There are also lingering questions about the money he infused into his own campaign and whether there are strings attached. Rather than direct donations, as of June $46 million of the $63 million of his own money that he had spent on the campaign was through loans. Trump had promised to forgive those personal loans, rather than make the campaign pay him back, and in June he announced that he was wiping away more than $45 million in loans. Yet the evidence to support that statement didn’t materialize. As of June 30, NBC News was was unable to find a filing with the Federal Election Commission showing that he forgave the loans, and an official with the commission told the outlet that there was no digital or paper filing as such. The campaign repeatedly denied requests for it share the paperwork.
Republican presidential candidate Donald Trump’s private jetCREDIT: AP PHOTO/JOHN MINCHILLO
The disappearing act of his charitable donations
There have been similar mysteries when it comes to documentation of Trump’s charitable giving. Trump claims he regularly gives millions to charities, and his campaign manager said in March that the figure was “more than $100 million” over the last few years.
But just as with Trump’s net worth, it’s hard to verify those kinds of figures without the release of his tax returns. David Fahrenthold at the Washington Post has spent weeks trying to dig up evidence that Trump actually made good on his promises and used his own money to make charitable contributions, talking to more than 220 charities.
Fahrenthold found that while Trump “has a long-standing habit of promising to give to charity,” he frequently doesn’t follow through. Of the 188 charities he contacted that had connections to Trump, he found just one donation — a gift of between $5,000 and $9,999 to the Police Athletic League of New York City in 2009.

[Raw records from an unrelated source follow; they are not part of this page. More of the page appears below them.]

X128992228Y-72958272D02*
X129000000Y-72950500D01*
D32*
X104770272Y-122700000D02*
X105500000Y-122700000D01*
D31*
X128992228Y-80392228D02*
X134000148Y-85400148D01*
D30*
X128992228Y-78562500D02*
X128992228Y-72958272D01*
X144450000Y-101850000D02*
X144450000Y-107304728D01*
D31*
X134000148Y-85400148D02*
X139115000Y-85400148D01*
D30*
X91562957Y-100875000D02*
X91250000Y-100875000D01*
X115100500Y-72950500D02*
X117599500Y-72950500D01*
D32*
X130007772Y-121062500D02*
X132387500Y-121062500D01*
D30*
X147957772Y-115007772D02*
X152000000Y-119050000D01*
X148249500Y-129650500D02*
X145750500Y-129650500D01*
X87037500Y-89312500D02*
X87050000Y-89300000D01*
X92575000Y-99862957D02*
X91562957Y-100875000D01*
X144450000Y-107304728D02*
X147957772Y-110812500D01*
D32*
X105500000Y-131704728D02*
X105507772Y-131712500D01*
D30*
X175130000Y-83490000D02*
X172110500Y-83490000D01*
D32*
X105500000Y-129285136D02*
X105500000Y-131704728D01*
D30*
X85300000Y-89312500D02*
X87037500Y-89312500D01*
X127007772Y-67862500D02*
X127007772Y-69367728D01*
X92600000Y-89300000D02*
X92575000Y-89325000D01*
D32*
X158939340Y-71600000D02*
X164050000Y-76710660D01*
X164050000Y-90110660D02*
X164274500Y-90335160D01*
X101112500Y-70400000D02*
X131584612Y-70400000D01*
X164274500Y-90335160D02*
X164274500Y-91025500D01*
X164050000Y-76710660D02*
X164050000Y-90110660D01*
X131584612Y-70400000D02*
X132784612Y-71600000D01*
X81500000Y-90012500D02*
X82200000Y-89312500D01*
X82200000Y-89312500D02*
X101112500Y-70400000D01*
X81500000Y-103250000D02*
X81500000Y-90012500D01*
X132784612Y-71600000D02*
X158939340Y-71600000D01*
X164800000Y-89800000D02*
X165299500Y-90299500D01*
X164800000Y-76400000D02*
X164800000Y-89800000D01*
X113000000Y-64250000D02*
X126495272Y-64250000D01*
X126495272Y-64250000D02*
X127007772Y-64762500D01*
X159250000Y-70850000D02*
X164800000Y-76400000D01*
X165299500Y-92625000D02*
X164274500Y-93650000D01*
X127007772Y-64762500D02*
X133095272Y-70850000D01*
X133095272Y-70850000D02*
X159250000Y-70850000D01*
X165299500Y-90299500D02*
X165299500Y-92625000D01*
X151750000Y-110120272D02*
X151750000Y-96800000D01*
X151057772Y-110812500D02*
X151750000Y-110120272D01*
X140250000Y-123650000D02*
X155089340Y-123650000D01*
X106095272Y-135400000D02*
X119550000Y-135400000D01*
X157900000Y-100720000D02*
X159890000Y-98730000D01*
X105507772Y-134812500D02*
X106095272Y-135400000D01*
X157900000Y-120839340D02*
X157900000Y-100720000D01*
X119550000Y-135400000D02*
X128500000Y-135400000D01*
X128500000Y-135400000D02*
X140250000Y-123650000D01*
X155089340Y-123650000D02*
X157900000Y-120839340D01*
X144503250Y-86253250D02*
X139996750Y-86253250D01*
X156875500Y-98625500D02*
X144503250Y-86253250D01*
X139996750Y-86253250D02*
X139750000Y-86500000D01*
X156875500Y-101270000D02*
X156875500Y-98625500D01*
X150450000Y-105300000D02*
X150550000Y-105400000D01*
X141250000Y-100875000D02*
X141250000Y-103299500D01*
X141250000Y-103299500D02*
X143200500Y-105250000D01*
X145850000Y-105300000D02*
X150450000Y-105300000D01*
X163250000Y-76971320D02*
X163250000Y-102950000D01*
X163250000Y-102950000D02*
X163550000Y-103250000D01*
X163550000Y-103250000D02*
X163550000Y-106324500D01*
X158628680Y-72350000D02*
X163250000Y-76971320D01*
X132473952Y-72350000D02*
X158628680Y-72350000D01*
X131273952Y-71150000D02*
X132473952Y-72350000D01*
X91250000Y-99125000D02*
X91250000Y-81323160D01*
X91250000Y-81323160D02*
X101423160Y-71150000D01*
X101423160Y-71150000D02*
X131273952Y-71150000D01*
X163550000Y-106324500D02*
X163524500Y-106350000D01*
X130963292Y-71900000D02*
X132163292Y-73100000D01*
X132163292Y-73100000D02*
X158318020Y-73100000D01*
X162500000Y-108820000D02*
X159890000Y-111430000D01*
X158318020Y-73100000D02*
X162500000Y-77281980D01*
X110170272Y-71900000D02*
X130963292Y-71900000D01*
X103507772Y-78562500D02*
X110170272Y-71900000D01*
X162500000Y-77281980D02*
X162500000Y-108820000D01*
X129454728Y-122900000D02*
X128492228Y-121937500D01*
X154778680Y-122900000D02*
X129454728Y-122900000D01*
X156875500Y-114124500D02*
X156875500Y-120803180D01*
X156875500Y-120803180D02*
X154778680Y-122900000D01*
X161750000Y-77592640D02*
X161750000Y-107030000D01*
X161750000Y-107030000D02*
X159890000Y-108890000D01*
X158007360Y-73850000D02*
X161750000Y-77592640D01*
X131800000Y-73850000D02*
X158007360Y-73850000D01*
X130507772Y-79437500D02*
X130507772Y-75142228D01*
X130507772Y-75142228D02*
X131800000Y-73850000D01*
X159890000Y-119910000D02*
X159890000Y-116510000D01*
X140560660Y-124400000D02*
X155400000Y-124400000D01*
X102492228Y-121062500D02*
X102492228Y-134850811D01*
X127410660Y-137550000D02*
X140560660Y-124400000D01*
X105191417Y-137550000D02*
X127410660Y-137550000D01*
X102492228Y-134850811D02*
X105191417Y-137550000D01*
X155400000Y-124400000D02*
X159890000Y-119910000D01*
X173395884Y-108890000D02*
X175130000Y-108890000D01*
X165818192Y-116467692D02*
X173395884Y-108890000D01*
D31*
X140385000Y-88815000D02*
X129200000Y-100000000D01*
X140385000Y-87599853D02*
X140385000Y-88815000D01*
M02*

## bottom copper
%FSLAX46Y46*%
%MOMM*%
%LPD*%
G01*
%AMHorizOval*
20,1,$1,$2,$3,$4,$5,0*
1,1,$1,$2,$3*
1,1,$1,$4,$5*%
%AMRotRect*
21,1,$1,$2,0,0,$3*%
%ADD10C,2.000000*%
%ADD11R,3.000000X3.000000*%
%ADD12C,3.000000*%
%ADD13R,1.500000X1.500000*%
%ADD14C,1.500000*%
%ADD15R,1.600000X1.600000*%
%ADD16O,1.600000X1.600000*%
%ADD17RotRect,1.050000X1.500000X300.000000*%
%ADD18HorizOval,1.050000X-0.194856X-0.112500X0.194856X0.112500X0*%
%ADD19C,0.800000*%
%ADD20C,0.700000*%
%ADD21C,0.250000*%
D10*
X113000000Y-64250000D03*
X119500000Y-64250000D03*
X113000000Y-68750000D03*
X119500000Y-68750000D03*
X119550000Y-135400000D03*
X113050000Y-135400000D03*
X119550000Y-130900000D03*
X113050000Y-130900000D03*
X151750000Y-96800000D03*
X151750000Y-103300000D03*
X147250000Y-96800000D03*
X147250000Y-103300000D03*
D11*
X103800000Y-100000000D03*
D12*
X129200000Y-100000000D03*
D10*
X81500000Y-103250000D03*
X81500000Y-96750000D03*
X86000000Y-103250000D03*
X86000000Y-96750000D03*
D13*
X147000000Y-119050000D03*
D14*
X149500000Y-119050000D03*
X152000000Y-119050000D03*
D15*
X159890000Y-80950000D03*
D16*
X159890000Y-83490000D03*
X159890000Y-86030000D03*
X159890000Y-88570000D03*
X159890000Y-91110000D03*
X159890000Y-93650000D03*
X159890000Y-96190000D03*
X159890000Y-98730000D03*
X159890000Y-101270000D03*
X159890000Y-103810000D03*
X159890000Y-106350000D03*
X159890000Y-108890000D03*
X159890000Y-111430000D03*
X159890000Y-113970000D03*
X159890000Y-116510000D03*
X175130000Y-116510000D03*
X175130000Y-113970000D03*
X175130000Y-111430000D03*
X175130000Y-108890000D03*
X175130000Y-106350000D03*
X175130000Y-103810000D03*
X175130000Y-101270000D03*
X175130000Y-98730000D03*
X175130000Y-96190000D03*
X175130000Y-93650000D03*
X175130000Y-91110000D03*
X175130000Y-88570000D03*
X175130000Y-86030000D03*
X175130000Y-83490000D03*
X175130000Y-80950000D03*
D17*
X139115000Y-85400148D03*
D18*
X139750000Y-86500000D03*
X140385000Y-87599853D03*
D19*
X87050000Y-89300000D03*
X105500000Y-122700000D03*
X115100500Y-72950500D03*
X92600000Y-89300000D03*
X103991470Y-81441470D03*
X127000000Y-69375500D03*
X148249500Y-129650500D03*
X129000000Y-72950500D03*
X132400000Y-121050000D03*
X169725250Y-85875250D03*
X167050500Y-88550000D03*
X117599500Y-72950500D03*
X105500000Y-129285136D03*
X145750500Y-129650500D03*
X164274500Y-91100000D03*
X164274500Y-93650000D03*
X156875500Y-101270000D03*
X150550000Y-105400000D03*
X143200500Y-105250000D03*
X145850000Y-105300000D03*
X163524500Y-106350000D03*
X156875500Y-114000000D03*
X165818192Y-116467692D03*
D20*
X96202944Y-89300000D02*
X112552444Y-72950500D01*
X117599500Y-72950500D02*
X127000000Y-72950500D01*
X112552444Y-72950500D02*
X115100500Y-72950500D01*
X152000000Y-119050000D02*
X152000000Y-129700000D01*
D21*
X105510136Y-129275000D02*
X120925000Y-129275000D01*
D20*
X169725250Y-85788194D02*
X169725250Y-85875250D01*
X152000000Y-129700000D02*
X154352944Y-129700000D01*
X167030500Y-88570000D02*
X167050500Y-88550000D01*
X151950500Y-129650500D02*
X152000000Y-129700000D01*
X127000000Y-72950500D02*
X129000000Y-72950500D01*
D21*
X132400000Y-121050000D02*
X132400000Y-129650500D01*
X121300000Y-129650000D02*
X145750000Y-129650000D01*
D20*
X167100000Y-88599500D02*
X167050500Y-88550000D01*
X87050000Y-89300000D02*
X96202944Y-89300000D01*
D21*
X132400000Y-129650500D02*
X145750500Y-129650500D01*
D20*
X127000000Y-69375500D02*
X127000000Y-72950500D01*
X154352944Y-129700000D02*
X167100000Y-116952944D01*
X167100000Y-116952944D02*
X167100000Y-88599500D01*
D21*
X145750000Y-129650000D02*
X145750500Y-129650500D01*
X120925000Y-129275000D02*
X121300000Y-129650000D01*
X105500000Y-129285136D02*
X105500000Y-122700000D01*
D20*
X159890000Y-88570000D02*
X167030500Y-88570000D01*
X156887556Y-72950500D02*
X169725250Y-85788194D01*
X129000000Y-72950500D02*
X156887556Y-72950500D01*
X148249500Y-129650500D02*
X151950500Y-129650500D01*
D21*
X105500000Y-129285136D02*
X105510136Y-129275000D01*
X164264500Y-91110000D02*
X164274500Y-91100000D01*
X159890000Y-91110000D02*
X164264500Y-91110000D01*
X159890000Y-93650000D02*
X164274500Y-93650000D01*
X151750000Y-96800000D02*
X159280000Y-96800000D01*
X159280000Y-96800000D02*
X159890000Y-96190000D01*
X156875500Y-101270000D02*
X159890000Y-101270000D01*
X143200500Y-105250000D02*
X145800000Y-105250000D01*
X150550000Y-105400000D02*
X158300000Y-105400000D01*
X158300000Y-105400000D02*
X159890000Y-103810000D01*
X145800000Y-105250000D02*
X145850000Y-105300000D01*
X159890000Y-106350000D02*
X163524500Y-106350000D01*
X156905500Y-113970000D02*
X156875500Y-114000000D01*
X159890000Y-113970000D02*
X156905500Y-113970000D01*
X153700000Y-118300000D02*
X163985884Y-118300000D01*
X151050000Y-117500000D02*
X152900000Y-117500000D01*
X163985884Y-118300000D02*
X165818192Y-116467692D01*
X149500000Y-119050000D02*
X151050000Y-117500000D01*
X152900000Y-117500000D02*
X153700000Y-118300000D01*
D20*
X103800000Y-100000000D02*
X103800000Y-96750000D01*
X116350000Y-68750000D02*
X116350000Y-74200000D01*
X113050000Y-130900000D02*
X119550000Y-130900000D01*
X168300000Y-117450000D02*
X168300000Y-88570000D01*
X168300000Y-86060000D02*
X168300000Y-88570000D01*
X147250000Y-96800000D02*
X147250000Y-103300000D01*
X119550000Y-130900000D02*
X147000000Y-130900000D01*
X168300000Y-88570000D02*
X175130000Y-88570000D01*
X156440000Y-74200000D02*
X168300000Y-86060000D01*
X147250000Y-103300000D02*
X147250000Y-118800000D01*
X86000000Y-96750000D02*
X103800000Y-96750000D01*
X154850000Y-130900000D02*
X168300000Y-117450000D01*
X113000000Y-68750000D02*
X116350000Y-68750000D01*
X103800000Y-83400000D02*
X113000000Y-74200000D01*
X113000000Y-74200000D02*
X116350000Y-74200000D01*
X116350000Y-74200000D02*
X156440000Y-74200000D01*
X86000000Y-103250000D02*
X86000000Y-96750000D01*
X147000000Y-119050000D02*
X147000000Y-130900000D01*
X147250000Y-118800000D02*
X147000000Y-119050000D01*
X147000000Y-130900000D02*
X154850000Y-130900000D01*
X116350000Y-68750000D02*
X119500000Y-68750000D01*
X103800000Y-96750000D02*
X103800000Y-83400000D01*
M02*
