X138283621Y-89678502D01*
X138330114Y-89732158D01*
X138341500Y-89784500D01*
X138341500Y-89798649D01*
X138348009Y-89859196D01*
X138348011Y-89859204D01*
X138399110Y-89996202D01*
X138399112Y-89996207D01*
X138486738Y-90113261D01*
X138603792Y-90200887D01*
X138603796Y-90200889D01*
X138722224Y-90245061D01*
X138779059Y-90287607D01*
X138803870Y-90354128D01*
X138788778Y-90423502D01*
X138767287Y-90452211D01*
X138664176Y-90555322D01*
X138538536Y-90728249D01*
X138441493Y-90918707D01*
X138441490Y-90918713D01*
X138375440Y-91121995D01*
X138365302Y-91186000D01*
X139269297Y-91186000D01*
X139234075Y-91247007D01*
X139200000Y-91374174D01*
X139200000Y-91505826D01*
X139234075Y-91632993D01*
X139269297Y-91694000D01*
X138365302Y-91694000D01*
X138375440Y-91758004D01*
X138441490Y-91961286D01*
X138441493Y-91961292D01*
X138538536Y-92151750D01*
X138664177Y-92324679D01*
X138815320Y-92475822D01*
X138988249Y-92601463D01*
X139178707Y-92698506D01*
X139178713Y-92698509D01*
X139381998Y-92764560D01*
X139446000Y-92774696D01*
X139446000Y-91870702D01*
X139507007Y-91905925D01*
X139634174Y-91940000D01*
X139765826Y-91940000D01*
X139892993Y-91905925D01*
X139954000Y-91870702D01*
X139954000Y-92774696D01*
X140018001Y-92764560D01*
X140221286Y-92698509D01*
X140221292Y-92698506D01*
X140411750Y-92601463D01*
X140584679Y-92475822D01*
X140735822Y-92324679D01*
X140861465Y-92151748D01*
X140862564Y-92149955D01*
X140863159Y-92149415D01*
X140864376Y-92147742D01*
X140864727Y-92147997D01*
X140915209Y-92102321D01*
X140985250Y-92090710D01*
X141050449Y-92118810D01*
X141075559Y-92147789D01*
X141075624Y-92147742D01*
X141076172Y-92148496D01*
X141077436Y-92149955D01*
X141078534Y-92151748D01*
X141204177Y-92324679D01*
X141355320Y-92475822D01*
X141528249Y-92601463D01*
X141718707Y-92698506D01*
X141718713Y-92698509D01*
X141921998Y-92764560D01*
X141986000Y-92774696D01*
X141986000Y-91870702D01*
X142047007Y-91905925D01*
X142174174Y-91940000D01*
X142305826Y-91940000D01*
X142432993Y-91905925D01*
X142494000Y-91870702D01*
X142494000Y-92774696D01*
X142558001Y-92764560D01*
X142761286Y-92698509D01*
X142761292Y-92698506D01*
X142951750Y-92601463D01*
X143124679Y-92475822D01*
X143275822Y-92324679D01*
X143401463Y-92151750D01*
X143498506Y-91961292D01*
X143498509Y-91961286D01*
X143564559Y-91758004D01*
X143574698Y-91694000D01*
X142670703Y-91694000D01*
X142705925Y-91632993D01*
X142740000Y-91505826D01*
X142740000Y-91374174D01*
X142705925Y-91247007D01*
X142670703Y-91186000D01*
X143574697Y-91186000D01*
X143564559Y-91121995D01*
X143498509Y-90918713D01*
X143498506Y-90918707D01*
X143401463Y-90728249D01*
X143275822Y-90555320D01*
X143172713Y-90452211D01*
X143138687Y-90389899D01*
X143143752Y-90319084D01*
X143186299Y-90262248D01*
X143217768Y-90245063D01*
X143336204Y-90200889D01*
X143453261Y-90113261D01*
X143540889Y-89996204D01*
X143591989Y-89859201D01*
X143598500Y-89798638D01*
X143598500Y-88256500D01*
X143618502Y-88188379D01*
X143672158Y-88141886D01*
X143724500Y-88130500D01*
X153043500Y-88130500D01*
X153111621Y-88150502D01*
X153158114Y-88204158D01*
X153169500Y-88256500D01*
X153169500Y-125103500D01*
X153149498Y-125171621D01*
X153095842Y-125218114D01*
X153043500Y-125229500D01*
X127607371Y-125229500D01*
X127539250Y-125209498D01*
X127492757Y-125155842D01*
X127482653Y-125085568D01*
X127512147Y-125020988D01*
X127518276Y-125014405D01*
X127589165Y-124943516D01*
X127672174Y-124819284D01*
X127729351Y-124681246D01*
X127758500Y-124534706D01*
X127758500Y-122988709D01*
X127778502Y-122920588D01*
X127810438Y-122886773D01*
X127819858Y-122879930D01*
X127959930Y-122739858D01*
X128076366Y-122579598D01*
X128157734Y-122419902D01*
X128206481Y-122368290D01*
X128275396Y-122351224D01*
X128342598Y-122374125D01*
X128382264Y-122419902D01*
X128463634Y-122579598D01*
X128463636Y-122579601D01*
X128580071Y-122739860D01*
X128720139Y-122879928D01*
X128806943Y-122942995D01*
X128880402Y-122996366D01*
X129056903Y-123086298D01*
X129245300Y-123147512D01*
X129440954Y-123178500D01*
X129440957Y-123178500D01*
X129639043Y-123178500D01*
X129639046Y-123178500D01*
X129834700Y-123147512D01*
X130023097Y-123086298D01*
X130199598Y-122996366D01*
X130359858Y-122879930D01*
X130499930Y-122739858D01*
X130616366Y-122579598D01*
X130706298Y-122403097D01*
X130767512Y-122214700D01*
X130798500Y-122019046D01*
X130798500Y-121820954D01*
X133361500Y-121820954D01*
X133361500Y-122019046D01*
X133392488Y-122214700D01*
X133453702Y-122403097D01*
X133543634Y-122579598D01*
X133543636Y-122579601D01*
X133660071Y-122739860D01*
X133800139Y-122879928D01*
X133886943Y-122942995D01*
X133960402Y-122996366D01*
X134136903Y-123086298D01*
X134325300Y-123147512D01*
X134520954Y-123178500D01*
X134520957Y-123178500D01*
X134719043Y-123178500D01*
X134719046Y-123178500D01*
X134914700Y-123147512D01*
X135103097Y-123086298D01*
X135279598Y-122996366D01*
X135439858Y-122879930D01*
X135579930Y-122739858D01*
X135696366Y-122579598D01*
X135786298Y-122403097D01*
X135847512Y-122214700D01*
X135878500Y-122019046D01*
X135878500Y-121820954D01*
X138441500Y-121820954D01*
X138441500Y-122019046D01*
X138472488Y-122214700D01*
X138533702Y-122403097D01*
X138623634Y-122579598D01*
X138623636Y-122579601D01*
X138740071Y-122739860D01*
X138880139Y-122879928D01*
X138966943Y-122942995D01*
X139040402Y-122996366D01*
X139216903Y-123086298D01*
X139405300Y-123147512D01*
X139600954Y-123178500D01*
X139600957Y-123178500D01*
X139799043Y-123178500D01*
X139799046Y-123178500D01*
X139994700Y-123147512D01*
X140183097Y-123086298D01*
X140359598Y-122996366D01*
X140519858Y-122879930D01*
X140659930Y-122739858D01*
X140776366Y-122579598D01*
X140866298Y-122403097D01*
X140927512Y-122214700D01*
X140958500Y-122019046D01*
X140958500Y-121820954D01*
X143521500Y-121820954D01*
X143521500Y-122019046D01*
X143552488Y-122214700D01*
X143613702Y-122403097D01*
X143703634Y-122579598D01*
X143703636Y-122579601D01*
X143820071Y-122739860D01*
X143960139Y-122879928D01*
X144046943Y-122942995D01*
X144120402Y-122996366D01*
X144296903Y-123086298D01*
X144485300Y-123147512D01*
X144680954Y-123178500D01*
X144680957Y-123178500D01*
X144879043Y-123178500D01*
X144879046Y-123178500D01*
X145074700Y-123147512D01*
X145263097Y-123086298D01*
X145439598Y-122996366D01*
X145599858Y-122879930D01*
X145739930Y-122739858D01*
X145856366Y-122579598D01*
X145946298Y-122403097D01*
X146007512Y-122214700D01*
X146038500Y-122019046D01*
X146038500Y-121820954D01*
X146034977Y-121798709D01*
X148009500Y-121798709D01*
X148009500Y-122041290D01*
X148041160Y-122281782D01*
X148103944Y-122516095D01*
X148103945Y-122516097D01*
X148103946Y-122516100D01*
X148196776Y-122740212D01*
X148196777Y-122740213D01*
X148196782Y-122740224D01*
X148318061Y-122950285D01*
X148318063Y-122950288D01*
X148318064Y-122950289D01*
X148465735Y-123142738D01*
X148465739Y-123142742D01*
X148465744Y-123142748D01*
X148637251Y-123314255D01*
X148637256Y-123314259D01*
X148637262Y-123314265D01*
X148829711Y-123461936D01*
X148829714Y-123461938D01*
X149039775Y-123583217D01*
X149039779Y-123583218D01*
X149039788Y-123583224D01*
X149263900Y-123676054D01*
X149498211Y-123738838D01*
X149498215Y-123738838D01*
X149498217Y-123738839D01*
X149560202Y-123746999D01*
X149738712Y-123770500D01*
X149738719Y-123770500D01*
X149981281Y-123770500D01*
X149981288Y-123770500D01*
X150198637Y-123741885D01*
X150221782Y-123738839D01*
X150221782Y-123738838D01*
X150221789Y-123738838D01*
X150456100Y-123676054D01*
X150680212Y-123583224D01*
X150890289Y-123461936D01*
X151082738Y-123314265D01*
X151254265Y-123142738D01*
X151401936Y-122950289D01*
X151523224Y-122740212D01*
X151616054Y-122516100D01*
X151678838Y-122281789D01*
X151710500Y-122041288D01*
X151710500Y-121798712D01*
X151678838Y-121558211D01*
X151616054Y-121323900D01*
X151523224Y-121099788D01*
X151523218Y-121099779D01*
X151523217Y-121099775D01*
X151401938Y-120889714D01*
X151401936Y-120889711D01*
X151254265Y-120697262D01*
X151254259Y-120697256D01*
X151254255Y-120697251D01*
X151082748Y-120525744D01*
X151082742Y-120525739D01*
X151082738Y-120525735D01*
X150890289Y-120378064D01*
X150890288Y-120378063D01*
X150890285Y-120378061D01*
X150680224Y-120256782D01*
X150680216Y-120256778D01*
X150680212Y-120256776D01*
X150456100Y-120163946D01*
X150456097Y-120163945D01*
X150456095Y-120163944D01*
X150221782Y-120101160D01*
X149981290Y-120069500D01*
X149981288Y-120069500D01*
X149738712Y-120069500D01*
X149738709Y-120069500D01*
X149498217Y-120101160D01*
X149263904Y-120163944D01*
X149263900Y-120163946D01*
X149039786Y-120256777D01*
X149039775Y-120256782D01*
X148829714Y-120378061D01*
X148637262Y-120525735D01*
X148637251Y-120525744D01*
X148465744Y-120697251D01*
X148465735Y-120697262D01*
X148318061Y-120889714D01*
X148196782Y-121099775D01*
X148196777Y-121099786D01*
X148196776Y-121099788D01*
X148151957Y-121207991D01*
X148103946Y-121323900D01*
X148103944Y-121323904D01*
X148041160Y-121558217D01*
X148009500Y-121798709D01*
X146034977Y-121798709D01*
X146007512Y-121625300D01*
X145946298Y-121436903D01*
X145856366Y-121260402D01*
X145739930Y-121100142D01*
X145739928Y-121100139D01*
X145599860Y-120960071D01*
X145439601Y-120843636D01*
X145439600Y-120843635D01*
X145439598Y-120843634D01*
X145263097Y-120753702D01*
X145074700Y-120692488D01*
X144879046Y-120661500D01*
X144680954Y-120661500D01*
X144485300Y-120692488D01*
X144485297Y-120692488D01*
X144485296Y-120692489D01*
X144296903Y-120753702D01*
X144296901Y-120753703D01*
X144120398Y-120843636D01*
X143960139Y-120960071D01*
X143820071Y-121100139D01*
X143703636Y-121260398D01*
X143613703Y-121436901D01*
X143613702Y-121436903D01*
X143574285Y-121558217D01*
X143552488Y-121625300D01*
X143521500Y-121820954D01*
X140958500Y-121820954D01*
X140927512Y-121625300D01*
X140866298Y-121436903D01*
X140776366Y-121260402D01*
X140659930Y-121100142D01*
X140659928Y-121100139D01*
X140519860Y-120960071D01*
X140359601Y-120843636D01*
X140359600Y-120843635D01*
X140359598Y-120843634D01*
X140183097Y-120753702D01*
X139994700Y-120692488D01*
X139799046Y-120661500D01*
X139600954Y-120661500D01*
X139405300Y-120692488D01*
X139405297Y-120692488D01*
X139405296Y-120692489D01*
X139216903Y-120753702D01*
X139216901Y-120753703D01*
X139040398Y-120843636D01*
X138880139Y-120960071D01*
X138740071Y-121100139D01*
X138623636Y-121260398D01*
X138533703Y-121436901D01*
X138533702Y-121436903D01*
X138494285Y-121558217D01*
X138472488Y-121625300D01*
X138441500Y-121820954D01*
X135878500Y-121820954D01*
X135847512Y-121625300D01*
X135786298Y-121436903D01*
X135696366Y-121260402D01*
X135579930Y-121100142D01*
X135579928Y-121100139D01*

Tax records also show that Trump hasn’t given any money to the Donald J. Trump Foundation, a charity he controls but is funded by a number of donors, since 2008. Before that time, he donated only a third of what he had pledged to the foundation. In fact, between 1988 and 2014, Trump gave just a little over $5 million to his foundation, according to BuzzFeed, less than other outside donors. In seven of those years he gave nothing, and in the years between 1991 and 1996 he never gave more than $60,000.
Certainly Trump is under no obligation to give any of his money to charity, no matter how much he might have. But the dissembling around his donations is just one more elision of the truth about his financials.
By any measurement, it’s still likely that Donald Trump is a well off man, even if the actual values are lower than what he boasts. Any American family that earns more than $206,568 lands in the top 5 percent. Trump’s family certainly qualifies.
It still matters greatly to Trump, however, and to his image as a candidate, exactly how much he has. “I’m running for president,” Trump told Forbes in September. “I look better if I’m worth $10 billion than if I’m worth $4 billion.”